I’ve also got maps of proposed railway deviations that never happened somewhere, but I suspect they are later in time than this feature. I’ll look them out and see if they shed any further light, however they are mainly concerned with proposed deviations around Buxton to the North and South.
I occasionally dip into this fascinating website to see what is “new” to the already comprehensive historical information regarding the Goyt Valley and its surroundings. I was particularly intrigued about the theories put forward regarding the earthworks between the farms of Longhill and Watford.
One of my ‘go to’ map resources these days (and I speak as a former Ordnance Surveyor) is the National Library of Scotland Maps website. This free to use website has some of the most comprehensive on-line mapping tools you could wish for, with unrestricted access to UK OS maps of all types and scales dating back to the late 1800’s. Of particular interest when researching is the large scale OS maps publish in the late 19th and early 20th centuries, notably the 6-inch and 25-inches (to the mile) detail plans.

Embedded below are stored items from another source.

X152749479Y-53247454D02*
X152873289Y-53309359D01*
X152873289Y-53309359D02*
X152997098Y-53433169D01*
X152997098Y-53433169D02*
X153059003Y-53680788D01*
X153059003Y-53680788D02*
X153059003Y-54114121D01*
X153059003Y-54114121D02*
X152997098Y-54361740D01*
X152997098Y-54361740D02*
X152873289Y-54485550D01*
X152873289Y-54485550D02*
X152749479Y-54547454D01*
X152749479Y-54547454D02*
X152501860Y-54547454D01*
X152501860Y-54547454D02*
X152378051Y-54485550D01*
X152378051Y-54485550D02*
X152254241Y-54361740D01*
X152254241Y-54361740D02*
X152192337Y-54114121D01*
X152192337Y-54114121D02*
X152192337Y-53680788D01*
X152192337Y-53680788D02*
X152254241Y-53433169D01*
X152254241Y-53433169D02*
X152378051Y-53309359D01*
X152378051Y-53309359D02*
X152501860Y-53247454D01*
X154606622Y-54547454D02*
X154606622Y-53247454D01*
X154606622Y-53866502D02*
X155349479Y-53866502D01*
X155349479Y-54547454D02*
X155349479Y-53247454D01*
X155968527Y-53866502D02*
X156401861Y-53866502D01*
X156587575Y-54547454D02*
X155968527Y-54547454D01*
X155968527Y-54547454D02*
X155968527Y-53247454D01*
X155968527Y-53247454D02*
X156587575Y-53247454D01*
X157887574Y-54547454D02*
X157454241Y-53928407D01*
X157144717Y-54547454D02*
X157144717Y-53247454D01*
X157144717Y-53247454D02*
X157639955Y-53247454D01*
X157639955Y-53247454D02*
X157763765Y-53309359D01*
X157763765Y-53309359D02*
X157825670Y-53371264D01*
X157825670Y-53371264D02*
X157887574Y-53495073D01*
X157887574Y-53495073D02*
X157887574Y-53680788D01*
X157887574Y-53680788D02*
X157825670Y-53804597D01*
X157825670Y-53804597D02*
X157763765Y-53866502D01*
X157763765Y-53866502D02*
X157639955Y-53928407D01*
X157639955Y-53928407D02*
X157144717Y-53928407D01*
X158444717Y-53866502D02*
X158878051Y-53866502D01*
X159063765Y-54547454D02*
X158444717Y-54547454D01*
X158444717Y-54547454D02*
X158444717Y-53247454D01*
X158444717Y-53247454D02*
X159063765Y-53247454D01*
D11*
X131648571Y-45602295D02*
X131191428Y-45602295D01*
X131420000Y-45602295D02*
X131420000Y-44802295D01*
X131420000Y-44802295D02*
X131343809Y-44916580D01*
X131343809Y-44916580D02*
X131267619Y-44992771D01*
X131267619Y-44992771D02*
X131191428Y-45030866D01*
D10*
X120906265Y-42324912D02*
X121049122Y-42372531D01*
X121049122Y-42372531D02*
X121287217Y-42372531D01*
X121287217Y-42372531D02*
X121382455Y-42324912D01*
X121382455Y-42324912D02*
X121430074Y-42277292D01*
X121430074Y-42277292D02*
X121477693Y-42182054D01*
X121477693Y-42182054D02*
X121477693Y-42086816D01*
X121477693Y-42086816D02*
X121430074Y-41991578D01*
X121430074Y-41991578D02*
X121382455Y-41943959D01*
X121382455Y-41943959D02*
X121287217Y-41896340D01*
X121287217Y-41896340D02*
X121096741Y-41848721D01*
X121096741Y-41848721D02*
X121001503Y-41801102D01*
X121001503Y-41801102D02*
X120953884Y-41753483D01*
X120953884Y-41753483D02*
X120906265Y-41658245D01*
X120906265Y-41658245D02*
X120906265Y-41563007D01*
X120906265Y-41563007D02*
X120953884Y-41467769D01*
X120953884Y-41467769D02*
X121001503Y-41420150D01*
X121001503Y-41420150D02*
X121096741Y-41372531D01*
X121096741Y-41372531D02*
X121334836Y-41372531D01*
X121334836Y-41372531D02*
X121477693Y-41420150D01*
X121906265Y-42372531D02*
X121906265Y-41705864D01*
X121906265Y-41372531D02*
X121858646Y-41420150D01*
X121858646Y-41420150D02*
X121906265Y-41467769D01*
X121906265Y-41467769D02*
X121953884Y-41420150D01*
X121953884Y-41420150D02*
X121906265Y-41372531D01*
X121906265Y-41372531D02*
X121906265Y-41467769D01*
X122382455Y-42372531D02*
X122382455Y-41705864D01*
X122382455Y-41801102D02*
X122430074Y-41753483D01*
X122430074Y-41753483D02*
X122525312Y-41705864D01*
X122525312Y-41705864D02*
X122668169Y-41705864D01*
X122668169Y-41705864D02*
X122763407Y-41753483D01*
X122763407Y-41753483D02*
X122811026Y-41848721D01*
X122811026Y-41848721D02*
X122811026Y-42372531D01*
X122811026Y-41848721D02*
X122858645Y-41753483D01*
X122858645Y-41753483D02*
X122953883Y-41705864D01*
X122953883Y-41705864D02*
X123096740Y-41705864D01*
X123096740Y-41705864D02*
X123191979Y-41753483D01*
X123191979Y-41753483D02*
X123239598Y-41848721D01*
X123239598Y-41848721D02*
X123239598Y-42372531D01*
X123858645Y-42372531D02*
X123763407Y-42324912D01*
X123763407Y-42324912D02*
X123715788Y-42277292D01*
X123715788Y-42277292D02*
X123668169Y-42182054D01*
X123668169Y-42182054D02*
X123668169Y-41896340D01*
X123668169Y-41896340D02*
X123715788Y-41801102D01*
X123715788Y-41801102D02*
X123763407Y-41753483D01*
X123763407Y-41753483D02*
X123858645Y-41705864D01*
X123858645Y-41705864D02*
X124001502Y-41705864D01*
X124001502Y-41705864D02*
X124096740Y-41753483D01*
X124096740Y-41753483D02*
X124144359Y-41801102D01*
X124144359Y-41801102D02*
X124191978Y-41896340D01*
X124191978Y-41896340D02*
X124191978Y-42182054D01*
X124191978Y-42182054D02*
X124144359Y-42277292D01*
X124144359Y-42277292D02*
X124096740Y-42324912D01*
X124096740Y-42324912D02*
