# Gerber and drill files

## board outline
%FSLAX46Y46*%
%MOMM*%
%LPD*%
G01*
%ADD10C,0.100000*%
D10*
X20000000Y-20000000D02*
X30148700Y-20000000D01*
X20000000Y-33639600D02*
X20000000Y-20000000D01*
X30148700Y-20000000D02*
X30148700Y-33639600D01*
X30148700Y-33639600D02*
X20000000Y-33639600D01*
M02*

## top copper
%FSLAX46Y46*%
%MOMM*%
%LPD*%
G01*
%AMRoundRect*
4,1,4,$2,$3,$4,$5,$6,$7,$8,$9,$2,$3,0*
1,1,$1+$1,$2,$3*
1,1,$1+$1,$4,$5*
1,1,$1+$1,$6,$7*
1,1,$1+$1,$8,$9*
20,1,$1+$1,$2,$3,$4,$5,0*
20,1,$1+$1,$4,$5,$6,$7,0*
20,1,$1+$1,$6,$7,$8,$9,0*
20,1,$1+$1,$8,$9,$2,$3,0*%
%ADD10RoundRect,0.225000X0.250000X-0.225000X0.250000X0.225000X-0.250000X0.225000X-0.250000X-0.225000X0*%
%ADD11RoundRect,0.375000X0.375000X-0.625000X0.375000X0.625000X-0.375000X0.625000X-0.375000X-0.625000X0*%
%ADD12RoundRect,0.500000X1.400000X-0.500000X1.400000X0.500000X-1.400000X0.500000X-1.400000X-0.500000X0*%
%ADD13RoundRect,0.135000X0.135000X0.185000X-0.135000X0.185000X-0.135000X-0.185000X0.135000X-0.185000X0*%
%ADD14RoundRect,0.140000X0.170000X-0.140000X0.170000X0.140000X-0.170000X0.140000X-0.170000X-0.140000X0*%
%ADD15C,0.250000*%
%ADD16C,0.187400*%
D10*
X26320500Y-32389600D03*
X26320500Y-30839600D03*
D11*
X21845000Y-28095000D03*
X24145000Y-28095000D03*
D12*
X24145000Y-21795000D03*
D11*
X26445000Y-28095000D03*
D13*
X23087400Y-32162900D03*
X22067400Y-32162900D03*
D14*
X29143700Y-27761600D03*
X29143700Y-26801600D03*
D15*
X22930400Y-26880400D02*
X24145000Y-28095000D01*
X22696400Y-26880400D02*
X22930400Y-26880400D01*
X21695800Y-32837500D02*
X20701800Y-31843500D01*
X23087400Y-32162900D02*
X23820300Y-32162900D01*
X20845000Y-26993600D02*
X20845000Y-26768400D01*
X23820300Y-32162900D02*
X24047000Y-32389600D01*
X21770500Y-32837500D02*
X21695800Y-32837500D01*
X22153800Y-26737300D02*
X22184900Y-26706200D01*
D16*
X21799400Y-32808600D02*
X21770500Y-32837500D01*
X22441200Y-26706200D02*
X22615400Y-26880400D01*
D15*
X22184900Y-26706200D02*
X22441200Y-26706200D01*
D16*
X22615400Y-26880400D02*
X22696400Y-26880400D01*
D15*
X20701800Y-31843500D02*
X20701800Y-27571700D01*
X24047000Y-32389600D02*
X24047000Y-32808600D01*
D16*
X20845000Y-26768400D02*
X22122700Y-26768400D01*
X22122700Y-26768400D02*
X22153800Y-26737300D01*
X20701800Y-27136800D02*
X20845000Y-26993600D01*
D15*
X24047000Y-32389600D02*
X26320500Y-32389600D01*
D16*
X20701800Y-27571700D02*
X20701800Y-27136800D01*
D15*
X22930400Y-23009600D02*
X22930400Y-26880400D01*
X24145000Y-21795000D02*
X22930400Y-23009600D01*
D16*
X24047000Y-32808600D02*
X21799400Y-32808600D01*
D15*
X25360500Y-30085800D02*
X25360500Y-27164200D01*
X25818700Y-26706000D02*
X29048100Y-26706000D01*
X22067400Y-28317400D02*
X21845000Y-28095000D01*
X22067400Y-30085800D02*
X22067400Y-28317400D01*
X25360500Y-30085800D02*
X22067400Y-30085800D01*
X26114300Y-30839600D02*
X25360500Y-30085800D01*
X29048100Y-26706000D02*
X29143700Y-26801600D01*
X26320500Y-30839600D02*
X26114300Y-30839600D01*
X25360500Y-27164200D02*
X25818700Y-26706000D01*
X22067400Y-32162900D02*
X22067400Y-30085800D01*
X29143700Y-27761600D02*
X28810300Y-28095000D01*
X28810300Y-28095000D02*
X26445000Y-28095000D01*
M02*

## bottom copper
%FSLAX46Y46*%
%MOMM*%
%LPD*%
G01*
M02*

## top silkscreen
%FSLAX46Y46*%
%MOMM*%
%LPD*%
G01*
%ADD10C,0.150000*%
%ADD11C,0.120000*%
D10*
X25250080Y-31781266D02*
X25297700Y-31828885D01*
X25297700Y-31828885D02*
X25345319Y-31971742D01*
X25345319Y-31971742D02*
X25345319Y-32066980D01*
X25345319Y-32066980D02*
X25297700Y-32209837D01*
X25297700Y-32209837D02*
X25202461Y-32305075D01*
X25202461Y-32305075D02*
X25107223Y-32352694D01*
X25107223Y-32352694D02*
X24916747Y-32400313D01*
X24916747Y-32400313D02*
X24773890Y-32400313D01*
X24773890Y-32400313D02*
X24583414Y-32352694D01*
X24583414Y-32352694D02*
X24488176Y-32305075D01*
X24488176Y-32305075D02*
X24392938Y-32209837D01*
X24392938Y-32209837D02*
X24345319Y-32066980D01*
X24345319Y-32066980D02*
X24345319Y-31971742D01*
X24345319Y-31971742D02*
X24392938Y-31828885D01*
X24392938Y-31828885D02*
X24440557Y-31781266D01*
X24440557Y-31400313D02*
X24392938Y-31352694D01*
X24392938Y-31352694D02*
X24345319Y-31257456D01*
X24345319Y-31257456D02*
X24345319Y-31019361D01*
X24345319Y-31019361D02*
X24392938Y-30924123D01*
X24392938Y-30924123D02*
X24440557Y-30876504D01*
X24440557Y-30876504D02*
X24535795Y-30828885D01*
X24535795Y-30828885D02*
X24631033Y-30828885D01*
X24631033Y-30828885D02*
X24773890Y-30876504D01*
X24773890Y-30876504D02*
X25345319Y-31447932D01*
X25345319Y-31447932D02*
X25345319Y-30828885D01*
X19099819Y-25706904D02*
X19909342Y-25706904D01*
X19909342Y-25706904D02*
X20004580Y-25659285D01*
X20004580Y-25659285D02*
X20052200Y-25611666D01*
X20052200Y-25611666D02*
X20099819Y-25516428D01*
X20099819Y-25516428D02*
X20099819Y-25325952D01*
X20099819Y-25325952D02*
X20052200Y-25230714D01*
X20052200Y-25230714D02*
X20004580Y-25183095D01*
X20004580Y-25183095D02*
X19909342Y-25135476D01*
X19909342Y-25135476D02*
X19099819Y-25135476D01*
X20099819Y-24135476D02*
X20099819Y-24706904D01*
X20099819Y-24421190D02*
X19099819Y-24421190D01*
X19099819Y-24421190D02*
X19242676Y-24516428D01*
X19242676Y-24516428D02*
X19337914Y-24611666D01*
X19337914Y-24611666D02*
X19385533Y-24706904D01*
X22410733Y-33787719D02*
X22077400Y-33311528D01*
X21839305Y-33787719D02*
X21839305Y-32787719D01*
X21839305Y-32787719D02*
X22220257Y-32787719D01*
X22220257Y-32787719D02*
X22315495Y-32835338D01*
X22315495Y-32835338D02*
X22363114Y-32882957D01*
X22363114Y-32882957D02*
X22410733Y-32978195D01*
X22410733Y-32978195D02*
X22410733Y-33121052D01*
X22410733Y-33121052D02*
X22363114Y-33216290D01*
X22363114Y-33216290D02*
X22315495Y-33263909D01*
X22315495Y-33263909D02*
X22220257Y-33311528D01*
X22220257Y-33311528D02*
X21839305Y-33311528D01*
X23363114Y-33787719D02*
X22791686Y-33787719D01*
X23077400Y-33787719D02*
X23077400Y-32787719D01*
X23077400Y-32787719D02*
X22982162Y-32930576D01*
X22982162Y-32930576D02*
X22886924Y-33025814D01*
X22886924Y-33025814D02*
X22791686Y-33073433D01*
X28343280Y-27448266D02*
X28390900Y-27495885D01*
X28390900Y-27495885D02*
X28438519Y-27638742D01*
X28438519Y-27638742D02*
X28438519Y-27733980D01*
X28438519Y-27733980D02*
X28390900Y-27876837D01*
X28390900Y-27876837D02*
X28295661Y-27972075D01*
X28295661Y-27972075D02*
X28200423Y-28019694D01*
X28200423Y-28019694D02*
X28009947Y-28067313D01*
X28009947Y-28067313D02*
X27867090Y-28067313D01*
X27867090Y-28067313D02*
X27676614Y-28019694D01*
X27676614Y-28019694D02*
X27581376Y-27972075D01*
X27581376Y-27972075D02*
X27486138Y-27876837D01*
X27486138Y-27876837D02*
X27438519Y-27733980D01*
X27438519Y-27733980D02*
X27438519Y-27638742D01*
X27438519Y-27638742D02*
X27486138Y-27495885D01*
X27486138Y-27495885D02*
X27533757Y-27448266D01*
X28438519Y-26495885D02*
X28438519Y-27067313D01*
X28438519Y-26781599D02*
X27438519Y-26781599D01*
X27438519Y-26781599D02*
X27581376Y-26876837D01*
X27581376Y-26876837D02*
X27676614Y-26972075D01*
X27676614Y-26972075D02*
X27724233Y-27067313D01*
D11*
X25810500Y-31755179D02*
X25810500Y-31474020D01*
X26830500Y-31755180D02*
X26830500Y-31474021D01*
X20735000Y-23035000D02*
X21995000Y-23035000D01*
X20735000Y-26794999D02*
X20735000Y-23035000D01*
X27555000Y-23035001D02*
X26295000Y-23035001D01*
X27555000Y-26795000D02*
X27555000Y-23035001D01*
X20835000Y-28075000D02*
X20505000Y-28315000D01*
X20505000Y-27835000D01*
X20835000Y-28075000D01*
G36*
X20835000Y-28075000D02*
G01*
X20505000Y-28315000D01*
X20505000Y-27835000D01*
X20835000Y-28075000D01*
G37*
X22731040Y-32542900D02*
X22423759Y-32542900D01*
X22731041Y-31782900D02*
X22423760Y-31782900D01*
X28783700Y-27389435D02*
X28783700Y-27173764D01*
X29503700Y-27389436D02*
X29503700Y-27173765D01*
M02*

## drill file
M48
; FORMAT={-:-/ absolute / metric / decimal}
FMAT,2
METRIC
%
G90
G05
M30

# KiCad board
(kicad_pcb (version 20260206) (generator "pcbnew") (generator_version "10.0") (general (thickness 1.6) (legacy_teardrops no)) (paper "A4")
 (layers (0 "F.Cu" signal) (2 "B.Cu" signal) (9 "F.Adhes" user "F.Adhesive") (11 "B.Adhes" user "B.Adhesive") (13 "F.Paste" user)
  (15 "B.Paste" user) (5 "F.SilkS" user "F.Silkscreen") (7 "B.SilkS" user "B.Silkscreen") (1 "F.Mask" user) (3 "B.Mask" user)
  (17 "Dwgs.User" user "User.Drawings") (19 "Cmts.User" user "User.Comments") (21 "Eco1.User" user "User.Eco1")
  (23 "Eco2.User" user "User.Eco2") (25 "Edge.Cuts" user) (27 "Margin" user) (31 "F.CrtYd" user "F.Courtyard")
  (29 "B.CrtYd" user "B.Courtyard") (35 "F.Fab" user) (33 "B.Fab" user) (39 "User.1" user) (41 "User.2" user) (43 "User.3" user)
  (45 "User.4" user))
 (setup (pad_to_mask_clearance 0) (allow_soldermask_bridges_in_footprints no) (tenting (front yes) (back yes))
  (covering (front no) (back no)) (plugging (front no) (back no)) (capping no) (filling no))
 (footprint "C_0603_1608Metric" (layer "F.Cu") (at 26.3205 31.6146 90)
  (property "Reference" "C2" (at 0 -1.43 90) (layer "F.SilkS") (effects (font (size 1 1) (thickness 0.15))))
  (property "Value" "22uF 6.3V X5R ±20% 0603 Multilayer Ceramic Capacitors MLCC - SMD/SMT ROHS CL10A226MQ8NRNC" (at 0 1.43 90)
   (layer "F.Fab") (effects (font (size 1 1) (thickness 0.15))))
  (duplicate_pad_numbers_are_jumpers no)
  (fp_line (start -0.140579 -0.51) (end 0.14058 -0.51) (stroke (width 0.12) (type solid)) (layer "F.SilkS"))
  (fp_line (start -0.14058 0.51) (end 0.140579 0.51) (stroke (width 0.12) (type solid)) (layer "F.SilkS"))
  (pad "1" smd roundrect (at -0.775 0 90) (size 0.9 0.95) (layers "F.Cu" "F.Mask" "F.Paste") (roundrect_rratio 0.25) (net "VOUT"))
  (pad "2" smd roundrect (at 0.775 0 90) (size 0.9 0.95) (layers "F.Cu" "F.Mask" "F.Paste") (roundrect_rratio 0.25) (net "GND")))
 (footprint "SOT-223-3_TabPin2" (layer "F.Cu") (at 24.145 24.945 90)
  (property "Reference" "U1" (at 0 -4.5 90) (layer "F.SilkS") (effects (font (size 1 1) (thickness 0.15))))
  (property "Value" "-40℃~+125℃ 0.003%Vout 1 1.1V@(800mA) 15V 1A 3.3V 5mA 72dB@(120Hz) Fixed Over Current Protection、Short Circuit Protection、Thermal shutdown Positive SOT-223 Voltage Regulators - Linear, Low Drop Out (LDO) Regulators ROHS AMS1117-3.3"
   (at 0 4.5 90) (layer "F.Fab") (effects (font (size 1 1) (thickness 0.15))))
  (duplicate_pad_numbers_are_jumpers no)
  (fp_line (start 1.91 -3.41) (end 1.91 -2.15) (stroke (width 0.12) (type solid)) (layer "F.SilkS"))
  (fp_line (start -1.849999 -3.41) (end 1.91 -3.41) (stroke (width 0.12) (type solid)) (layer "F.SilkS"))
  (fp_line (start 1.909999 3.41) (end 1.909999 2.15) (stroke (width 0.12) (type solid)) (layer "F.SilkS"))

The NLS tools allow for side-by-side map comparison (the most useful) or the overlaying of two different map types including satellite imagery, such that it is possible to directly compare old features (which, at the time of their original mapping are less likely to have been disturbed by large scale developments such as extensive quarrying etc.) with much later and more up-to-date 21stC mapping.
One of the more recent additions to the NLS library is LIDAR digital terrain modelling and this can be used to great effect in conjunction with turn of the 19th century maps when comparing ground terrain with modern map features.
By selecting the NLS side-by-side map option it is possible to view the six-inch edition of the area to which this “Mystery Earthworks” article refers on one side of the screen with the LIDAR DTM 50cm-1m imagery on the other. The effect of comparing of these two map types is startling as two dimensional map features suddenly reveal themselves in virtual three dimensional detail. (Click to view.)
By using the map tools it is possible to trace features on the LIDAR map against an image of the turn of the 20th century map. In this instance it is clear that the curving feature of the earthworks on the LIDAR map (which can be picked out very easily) follow the (indistinct) line of embankments and cuttings drawn on the 6-inch map.
Where these Mysterious Earthworks meet the current A5004 Long Hill Road to the north of Longhhill Farm it seems almost certain from the LIDAR image that the line of travel is a probable continuation of the Old Longhill Road, the middle “prong” of the three obvious routes emanating west and north from this point.
Similarly at the Watford Farm end it would appear that the earthworks come to an abrupt termination with no further sign of any form of groundworks having taken place to the south. Even the cutting at the northern end of this section appears to be an abandoned section of earthworks. It is unlikely that a tunnel would have been planned here but it would appear to be an area where a section of cut and fill has taken place, i.e. the material being cut from the rising ground to the north is used to form an embankment at the southern end of the works.
Zooming the map(s) out it appears likely that this may have been an earlier turnpike route towards Buxton but was abandoned when a more obvious and better graded route into Buxton via Longhill and Coldspring Plantation became apparent. Certainly to continue the earthworks southwards from Watford Farm towards Buxton via a crossing of the River Wye would have almost certainly presented a much more challenging set civil engineering works than the current (modern) road alignment into and out of Buxton.